TASK - Scan the entries below, and for each line that includes the word "user", make a copy.

Collected data entries -
****************************************
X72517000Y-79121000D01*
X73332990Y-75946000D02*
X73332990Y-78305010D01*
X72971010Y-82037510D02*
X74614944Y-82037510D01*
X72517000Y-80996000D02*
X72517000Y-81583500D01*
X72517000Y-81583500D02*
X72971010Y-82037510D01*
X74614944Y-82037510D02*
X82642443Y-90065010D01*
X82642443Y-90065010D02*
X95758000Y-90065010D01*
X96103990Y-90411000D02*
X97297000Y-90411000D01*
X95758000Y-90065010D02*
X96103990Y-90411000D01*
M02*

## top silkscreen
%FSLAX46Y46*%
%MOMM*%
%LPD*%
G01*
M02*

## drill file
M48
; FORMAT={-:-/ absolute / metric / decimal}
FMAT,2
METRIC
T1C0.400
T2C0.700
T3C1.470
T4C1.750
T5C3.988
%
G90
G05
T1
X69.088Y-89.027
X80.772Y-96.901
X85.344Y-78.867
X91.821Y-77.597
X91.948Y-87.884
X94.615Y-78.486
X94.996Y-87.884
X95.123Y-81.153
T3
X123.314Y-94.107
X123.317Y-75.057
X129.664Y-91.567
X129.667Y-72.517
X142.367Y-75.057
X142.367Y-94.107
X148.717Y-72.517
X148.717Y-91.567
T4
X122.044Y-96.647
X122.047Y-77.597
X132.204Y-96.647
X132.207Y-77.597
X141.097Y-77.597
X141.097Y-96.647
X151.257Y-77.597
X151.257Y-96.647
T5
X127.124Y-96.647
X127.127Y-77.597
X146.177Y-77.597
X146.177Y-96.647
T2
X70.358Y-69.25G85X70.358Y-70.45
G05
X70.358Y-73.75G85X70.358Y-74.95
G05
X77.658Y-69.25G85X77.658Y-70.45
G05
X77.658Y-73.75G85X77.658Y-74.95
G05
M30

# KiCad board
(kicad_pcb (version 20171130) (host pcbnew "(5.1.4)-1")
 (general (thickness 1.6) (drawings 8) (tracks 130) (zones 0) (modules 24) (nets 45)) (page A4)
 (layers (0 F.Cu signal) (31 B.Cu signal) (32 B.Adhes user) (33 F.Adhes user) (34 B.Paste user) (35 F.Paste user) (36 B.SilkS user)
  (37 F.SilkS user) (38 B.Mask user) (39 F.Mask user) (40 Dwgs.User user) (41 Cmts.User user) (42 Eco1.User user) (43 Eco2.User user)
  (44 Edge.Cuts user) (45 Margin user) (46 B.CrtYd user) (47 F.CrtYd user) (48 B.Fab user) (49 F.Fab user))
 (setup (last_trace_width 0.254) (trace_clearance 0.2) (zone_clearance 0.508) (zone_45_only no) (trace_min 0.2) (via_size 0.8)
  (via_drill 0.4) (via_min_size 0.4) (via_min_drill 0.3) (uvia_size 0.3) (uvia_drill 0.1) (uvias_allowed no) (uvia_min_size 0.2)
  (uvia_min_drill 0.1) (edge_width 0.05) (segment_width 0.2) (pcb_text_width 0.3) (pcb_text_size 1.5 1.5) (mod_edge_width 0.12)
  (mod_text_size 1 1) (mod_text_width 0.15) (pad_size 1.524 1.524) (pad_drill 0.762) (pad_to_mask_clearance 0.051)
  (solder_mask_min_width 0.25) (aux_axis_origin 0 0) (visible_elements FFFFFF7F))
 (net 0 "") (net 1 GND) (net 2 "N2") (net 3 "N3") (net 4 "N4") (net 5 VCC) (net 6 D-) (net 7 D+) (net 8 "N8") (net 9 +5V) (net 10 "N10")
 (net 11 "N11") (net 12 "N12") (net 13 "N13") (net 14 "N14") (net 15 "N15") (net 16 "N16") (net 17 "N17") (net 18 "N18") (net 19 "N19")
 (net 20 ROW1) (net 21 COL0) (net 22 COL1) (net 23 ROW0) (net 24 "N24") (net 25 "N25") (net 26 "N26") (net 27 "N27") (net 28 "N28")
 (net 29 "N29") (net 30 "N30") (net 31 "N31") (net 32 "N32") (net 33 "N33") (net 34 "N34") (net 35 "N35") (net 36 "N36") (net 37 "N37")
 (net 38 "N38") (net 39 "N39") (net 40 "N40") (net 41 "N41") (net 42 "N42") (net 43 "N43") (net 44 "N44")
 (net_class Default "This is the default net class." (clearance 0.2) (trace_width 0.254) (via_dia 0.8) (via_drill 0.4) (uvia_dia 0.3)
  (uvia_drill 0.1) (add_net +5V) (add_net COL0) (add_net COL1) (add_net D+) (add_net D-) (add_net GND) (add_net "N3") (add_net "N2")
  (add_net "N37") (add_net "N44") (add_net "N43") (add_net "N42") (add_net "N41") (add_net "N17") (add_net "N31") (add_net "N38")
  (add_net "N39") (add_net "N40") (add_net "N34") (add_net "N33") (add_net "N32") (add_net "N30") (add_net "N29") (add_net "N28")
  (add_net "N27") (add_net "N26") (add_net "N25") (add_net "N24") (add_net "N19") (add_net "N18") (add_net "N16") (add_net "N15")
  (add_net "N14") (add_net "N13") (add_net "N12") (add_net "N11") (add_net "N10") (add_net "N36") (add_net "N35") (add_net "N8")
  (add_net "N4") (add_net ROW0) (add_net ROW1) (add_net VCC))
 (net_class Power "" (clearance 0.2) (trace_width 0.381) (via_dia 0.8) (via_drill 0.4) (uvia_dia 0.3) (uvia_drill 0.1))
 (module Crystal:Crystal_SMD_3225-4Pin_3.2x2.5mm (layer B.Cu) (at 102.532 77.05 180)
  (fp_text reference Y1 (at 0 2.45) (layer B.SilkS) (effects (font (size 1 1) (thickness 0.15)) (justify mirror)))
****************************************
SOLUTION FOR THIS EXERCISE -
 (layers (0 F.Cu signal) (31 B.Cu signal) (32 B.Adhes user) (33 F.Adhes user) (34 B.Paste user) (35 F.Paste user) (36 B.SilkS user)
  (37 F.SilkS user) (38 B.Mask user) (39 F.Mask user) (40 Dwgs.User user) (41 Cmts.User user) (42 Eco1.User user) (43 Eco2.User user)
  (44 Edge.Cuts user) (45 Margin user) (46 B.CrtYd user) (47 F.CrtYd user) (48 B.Fab user) (49 F.Fab user))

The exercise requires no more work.